Expenses for appeal shall be borne by the plaintiff.

The purport of the claim and the purport of the appeal are the judgment of the first instance.

Reasons

1. The Plaintiff asserted as to the cause of the claim: (a) purchased 17,000,000 Won from C in a dry field (hereinafter “the dry field of this case”) of the Nam-gun, Nam-gun, Nam (hereinafter “the dry field of this case”); and (b) sought to harvest the instant dancing on December 5, 2018; and (c) the Defendant prevented the Plaintiff from harvesting and removing free of charge.

Even if the Defendant, as alleged by the Defendant, was a legitimate right holder, such as a tenant of the dry field of this case, and C cultivated without permission, the ownership of the crops cultivated is owned by the cultivator.

In this regard, the plaintiff has legitimate interest in removing the gift of this case from the plaintiff, so long as the plaintiff purchased without compensation from C as the farmer of this case without permission.

However, since the defendant interfered with this, the plaintiff did not harvest the case from time to time, the defendant is obligated to compensate the plaintiff for the damages incurred thereby.

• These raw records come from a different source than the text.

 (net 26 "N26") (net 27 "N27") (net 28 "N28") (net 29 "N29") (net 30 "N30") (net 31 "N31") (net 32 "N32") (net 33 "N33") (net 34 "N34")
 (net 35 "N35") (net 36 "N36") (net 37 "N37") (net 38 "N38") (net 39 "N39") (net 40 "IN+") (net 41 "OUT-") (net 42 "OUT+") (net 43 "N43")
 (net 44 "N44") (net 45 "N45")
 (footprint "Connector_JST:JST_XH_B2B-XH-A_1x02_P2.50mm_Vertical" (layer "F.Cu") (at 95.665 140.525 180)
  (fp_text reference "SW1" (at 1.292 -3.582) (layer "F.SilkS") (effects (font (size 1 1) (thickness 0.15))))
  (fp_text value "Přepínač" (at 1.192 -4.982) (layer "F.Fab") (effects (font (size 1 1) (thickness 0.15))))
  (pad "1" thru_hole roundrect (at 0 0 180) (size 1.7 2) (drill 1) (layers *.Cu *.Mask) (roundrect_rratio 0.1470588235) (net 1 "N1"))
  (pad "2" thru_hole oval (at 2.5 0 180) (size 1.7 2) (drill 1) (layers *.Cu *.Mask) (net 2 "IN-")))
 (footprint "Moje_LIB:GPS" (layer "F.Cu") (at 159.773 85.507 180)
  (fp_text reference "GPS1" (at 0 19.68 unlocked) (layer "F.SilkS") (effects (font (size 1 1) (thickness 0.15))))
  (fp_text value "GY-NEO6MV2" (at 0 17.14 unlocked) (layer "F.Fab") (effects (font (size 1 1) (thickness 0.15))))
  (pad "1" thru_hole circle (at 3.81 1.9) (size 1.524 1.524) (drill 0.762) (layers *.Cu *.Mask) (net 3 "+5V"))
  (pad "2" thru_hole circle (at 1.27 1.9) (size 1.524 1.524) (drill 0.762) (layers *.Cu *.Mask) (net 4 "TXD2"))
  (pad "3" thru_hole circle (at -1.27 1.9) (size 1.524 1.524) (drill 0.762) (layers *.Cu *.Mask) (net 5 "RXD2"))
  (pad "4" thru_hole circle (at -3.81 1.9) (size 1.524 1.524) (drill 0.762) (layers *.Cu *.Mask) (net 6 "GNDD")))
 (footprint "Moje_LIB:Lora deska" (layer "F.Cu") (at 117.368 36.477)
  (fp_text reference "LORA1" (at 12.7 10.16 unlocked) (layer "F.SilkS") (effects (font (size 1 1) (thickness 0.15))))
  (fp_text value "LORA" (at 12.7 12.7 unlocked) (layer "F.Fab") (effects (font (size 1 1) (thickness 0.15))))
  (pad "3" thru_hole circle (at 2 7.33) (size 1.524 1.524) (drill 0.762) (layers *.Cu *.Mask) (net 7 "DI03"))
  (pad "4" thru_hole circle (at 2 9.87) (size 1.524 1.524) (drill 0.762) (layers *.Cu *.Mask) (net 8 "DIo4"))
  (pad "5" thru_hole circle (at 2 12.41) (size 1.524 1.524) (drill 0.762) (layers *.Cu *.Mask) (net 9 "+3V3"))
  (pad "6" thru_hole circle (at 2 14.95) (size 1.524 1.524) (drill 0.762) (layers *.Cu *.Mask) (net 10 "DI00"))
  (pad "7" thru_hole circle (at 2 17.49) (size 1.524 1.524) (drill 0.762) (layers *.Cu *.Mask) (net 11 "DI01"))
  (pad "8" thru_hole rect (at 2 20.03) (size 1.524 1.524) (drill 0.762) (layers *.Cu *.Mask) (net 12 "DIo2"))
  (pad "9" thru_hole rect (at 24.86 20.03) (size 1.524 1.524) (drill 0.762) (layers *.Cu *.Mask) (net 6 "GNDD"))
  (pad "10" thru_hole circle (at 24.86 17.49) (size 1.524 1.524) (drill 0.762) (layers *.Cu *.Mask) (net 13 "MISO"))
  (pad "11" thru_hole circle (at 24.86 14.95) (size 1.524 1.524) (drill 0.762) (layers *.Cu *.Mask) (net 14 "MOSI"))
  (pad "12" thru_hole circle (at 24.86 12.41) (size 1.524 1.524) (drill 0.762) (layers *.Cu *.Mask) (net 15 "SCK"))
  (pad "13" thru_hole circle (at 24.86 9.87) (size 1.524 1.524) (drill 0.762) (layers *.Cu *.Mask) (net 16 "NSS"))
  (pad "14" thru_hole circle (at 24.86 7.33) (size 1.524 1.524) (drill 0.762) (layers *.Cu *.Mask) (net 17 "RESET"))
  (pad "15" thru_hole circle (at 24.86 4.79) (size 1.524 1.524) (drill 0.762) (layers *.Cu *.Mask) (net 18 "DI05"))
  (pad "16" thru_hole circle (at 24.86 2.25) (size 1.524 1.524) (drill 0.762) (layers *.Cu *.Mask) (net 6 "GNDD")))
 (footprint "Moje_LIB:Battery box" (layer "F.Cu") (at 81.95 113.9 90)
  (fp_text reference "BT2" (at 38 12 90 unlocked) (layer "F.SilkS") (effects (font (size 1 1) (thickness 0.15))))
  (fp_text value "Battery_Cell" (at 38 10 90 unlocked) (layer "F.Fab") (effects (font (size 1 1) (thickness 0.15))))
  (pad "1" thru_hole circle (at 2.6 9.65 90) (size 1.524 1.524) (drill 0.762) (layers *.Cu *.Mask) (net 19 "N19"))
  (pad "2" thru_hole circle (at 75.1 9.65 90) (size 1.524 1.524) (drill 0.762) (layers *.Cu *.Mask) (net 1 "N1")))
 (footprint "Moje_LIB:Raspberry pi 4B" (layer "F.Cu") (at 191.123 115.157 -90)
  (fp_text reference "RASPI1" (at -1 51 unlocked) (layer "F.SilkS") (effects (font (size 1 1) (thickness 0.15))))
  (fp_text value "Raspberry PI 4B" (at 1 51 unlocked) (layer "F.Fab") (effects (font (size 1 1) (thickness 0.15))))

2. According to the evidence evidence No. 1, it is recognized that the Defendant prevented the Plaintiff from shipping in the dry field of this case leased by the Defendant E.

However, there was no material to identify the volume or unit price of the instant non-performance, and the Plaintiff and C entered into a sales contract, etc.

Therefore, there is no ground to view that the Plaintiff purchased the instant visa at KRW 17 million from C by itself with the written confirmation of facts (including evidence Nos. 2 through 4, and each number) of C, etc.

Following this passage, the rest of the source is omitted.